# [Input]
┌──
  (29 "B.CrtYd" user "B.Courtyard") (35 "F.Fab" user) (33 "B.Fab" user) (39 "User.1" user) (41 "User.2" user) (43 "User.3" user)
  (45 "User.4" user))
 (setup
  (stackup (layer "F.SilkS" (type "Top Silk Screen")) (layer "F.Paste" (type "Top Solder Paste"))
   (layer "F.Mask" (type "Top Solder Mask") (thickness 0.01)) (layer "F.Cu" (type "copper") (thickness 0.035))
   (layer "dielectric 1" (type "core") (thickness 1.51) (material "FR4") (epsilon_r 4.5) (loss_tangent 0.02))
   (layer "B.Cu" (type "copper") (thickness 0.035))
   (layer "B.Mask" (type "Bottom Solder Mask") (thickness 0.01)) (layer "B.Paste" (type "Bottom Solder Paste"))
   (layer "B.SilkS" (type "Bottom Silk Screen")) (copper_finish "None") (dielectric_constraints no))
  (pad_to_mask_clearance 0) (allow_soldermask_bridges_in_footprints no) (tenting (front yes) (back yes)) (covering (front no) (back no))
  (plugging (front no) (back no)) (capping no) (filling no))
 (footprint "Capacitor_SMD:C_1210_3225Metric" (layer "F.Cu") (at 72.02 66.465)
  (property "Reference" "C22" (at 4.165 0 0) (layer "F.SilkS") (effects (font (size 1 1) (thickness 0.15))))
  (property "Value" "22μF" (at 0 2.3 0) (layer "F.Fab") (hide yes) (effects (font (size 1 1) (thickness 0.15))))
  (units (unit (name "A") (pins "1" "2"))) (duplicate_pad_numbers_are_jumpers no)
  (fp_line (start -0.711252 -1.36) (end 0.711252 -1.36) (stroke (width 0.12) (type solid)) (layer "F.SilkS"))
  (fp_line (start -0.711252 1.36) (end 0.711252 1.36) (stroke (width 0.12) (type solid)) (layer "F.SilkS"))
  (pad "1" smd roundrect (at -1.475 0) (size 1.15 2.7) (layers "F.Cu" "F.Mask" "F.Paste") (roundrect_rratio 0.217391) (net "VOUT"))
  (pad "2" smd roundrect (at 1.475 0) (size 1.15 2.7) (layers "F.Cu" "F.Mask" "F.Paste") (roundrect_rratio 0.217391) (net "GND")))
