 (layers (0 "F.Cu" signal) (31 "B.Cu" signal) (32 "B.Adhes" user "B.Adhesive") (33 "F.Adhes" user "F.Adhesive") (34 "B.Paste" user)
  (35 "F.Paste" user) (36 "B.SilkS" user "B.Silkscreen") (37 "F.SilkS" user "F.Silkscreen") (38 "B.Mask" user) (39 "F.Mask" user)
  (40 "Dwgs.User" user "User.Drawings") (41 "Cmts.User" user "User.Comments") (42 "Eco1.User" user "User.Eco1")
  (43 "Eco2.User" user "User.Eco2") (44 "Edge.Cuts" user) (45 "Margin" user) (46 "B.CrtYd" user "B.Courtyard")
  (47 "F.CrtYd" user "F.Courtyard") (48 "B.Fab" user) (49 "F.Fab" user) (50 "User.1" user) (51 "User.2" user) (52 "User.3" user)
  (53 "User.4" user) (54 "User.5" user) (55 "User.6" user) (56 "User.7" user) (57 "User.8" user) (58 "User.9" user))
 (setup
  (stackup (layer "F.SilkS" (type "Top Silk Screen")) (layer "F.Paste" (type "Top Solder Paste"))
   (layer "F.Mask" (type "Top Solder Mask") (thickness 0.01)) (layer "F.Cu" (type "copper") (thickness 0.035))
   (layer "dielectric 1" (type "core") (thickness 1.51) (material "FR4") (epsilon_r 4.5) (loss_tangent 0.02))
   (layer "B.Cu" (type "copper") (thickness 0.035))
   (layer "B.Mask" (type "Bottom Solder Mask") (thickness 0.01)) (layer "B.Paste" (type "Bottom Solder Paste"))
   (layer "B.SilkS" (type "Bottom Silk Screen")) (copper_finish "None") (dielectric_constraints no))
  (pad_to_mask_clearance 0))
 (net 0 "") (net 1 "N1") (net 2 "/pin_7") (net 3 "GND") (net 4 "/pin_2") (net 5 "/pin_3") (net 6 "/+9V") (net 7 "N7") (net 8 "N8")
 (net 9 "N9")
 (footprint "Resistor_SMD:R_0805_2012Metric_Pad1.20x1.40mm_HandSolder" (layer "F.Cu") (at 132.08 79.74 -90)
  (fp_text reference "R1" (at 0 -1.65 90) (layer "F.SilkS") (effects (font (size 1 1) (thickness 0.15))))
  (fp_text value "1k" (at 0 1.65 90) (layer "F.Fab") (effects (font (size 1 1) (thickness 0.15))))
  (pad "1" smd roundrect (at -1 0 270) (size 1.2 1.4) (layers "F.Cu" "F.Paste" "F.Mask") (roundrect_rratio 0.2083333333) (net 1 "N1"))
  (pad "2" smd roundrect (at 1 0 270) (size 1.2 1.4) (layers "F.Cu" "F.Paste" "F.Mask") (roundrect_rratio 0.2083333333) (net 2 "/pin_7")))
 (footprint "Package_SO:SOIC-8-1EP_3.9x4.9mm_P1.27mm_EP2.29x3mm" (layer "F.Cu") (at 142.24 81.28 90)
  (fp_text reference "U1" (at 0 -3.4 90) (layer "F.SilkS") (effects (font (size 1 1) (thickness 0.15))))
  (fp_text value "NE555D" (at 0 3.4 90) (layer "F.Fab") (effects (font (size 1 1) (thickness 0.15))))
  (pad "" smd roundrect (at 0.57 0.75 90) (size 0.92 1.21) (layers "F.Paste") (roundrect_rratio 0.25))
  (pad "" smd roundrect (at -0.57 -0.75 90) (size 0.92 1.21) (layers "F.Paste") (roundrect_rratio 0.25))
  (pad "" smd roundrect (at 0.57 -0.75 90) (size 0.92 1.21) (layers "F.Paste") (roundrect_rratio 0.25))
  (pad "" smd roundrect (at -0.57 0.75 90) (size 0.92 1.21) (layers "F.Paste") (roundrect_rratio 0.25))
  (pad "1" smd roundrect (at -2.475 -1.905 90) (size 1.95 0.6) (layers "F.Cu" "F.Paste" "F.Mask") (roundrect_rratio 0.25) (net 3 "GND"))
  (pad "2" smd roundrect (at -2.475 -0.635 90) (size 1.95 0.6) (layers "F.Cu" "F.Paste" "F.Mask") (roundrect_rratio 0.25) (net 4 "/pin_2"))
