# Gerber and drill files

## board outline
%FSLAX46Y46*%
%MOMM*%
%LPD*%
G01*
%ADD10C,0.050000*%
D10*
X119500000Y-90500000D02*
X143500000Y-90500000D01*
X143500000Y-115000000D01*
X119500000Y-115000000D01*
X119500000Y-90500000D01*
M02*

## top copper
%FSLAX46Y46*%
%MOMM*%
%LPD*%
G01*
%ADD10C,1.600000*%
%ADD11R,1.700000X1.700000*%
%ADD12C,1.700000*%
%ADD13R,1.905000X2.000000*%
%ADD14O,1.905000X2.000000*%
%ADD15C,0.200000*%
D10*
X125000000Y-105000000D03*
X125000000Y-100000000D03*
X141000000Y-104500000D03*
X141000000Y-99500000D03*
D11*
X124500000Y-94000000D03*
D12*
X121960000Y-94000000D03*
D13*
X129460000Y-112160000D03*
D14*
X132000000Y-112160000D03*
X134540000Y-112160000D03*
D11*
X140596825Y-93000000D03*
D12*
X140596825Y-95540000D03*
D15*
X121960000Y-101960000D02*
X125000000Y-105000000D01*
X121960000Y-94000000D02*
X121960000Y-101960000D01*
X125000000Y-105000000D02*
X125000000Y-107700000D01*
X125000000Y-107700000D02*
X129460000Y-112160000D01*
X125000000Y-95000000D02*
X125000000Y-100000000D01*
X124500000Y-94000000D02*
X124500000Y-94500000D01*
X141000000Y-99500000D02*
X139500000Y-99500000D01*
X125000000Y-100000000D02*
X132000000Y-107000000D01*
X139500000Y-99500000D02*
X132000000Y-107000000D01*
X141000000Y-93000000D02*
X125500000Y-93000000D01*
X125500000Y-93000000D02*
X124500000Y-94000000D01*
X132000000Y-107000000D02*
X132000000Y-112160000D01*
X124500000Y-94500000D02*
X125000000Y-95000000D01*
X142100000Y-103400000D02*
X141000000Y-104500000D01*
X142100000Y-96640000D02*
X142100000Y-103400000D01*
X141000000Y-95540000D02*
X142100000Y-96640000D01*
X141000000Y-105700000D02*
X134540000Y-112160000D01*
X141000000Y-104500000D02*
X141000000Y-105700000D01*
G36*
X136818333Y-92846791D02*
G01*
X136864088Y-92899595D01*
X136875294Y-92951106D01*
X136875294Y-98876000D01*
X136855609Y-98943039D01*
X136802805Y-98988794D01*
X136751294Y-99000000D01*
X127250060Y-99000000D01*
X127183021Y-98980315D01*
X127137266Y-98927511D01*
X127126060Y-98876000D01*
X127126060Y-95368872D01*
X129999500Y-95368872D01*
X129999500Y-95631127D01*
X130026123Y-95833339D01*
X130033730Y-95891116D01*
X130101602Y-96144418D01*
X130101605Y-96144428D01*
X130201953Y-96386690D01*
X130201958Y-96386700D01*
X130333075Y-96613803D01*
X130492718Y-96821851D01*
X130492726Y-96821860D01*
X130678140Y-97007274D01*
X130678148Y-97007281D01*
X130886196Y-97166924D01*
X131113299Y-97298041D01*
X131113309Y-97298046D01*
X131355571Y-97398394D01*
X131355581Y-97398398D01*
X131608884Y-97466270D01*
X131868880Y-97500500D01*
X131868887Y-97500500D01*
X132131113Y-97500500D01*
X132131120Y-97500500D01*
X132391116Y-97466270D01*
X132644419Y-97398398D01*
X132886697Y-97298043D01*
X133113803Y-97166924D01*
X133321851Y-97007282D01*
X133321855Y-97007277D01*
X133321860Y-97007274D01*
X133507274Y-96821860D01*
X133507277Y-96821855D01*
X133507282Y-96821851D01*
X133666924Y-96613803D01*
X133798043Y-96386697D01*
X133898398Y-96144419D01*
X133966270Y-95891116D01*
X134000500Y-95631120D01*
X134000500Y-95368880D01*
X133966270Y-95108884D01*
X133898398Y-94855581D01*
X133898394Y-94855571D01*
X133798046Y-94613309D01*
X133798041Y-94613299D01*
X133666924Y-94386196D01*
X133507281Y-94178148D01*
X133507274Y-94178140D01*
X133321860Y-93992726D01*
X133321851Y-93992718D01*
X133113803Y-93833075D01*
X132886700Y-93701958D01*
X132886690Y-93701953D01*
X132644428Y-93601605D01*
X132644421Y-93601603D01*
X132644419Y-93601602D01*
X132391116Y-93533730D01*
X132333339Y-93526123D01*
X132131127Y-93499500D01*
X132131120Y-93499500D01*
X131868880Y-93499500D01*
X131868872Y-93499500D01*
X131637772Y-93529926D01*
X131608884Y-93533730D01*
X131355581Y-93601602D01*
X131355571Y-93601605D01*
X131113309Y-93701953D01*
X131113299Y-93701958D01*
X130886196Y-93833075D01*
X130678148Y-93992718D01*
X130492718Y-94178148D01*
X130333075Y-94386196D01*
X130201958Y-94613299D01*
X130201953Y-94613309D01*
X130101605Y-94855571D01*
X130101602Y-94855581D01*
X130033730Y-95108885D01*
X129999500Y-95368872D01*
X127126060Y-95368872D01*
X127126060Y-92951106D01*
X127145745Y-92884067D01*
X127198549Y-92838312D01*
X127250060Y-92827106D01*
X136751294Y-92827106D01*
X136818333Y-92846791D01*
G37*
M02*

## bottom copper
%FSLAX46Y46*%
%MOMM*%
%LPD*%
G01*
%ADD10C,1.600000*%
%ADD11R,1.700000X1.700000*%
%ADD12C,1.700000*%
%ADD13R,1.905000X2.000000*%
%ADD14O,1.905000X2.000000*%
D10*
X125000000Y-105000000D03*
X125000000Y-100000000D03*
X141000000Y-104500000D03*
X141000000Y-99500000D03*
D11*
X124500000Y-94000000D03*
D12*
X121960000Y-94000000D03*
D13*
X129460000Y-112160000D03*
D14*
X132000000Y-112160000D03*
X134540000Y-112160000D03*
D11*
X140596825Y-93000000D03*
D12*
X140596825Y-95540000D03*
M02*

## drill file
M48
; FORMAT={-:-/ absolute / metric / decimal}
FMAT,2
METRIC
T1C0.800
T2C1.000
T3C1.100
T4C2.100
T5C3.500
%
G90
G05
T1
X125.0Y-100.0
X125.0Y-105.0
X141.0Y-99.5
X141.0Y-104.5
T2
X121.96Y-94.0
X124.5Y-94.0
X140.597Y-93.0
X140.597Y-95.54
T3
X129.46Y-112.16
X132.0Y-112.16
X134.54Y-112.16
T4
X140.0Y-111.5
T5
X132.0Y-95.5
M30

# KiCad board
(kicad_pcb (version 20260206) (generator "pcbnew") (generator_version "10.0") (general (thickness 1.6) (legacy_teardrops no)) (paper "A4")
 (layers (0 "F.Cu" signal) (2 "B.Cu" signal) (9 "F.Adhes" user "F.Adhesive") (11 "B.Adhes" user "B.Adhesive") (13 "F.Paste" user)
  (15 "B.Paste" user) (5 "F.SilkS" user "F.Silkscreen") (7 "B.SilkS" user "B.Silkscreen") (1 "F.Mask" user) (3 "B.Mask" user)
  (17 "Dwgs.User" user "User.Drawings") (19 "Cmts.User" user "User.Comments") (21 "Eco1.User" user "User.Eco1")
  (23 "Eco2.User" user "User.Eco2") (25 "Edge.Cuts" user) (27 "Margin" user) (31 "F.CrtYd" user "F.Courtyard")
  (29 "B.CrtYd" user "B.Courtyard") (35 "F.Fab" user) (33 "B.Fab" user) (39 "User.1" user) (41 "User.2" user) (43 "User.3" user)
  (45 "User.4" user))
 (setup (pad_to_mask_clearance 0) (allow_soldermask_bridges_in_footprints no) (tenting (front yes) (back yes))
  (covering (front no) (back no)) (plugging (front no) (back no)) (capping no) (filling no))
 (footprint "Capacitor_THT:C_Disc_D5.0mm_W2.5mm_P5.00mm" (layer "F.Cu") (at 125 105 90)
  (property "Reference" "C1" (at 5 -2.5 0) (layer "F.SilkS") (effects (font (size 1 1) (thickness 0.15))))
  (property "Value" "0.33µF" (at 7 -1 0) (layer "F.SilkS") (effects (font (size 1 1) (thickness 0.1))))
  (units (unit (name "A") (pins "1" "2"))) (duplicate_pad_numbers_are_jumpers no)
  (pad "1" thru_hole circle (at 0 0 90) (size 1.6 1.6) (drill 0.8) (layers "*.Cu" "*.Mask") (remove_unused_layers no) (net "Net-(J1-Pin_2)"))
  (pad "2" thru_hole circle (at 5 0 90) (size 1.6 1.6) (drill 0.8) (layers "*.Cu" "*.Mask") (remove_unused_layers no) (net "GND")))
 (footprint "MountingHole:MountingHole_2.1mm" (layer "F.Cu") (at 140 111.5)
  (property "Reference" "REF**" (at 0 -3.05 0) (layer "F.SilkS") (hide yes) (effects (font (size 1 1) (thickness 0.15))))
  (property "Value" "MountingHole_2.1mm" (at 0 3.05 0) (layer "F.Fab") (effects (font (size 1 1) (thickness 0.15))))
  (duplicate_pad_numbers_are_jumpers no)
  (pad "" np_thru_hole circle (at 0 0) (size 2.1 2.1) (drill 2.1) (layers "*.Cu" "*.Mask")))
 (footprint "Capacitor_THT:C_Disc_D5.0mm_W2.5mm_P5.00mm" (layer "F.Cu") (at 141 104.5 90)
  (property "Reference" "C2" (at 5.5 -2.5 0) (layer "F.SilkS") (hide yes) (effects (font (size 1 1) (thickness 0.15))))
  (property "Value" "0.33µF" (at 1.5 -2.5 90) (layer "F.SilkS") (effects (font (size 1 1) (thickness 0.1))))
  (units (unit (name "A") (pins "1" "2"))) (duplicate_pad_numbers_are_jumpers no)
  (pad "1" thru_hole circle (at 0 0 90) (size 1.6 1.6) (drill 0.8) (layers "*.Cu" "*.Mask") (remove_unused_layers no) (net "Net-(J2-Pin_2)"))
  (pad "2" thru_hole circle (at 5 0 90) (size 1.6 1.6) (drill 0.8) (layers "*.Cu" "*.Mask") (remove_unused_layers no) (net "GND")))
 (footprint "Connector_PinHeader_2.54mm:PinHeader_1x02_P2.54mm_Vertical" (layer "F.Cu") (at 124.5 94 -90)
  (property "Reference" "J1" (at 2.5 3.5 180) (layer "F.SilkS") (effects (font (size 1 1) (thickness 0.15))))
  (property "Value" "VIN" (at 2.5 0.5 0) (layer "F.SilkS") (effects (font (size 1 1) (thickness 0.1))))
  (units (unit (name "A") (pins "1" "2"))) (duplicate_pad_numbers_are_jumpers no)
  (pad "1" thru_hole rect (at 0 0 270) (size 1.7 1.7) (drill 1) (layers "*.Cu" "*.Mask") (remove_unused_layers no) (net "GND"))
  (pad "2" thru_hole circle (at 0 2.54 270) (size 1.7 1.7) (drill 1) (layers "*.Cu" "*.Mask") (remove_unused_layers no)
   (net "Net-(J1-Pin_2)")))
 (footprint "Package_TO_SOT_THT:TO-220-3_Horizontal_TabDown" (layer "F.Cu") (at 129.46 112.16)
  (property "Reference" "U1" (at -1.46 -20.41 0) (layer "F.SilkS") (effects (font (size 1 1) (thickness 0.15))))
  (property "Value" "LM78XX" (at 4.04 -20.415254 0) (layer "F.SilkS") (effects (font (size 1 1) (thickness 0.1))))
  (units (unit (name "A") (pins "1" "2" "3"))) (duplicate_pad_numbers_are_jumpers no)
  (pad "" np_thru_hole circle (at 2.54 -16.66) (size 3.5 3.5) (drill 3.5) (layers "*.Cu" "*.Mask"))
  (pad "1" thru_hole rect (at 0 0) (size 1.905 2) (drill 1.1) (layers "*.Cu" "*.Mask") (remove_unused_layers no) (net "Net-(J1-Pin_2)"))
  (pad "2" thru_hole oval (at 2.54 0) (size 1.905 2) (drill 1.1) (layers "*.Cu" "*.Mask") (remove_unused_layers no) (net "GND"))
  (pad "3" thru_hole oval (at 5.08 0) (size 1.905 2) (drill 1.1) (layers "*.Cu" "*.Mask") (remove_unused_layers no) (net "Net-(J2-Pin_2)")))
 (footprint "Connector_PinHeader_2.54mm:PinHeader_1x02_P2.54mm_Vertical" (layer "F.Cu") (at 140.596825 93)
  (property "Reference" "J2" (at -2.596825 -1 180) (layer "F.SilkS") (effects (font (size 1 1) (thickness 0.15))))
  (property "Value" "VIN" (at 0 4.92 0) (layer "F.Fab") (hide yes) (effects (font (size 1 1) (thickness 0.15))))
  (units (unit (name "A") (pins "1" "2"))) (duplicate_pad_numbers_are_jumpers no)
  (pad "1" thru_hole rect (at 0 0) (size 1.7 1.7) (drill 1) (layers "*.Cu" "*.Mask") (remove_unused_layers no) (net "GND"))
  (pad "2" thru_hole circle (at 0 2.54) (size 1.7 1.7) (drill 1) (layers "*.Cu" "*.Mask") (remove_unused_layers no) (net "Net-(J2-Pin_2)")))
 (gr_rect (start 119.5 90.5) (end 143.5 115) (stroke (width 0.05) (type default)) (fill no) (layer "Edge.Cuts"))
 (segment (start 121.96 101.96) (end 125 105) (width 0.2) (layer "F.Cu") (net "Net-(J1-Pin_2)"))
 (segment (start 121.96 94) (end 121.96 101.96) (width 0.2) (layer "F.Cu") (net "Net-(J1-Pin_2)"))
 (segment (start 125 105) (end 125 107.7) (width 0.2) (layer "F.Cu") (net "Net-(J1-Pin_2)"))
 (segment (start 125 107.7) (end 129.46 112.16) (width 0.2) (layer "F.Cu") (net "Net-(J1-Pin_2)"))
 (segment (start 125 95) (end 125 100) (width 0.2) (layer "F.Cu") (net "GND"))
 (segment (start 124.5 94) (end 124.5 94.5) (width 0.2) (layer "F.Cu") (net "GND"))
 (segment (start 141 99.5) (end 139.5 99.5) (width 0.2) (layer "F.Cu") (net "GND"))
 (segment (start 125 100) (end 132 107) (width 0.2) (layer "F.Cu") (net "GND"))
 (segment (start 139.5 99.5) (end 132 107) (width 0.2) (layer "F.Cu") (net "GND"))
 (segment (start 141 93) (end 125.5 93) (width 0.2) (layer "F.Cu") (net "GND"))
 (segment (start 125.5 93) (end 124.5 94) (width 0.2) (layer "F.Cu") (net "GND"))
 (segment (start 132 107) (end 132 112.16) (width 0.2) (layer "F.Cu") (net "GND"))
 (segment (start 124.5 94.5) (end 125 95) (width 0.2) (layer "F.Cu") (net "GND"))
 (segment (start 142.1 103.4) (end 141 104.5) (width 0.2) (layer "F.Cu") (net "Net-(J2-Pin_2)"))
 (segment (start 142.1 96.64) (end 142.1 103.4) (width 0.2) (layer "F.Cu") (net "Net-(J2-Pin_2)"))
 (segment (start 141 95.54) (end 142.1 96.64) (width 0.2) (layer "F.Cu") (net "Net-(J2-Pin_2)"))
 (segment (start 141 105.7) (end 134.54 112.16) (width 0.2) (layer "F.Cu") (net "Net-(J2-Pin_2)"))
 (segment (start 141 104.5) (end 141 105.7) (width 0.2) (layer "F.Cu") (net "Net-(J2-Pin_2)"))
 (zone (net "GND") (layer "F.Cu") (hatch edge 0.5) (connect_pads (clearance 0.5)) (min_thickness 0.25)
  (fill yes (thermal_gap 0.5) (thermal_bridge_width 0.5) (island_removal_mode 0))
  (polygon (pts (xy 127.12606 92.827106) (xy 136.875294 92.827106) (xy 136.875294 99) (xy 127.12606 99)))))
└──
# [What the task requires]
Here the job is to set down exactly the lines of the material above that fall between the one with "(pad_to_mask_clearance 0))" and the one with "0.2083333333) (net 2", inclusive, and nothing beyond them.

# [Exercise response]
  (pad_to_mask_clearance 0))
 (net 0 "") (net 1 "N1") (net 2 "/pin_7") (net 3 "GND") (net 4 "/pin_2") (net 5 "/pin_3") (net 6 "/+9V") (net 7 "N7") (net 8 "N8")
 (net 9 "N9")
 (footprint "Resistor_SMD:R_0805_2012Metric_Pad1.20x1.40mm_HandSolder" (layer "F.Cu") (at 132.08 79.74 -90)
  (fp_text reference "R1" (at 0 -1.65 90) (layer "F.SilkS") (effects (font (size 1 1) (thickness 0.15))))
  (fp_text value "1k" (at 0 1.65 90) (layer "F.Fab") (effects (font (size 1 1) (thickness 0.15))))
  (pad "1" smd roundrect (at -1 0 270) (size 1.2 1.4) (layers "F.Cu" "F.Paste" "F.Mask") (roundrect_rratio 0.2083333333) (net 1 "N1"))
  (pad "2" smd roundrect (at 1 0 270) (size 1.2 1.4) (layers "F.Cu" "F.Paste" "F.Mask") (roundrect_rratio 0.2083333333) (net 2 "/pin_7")))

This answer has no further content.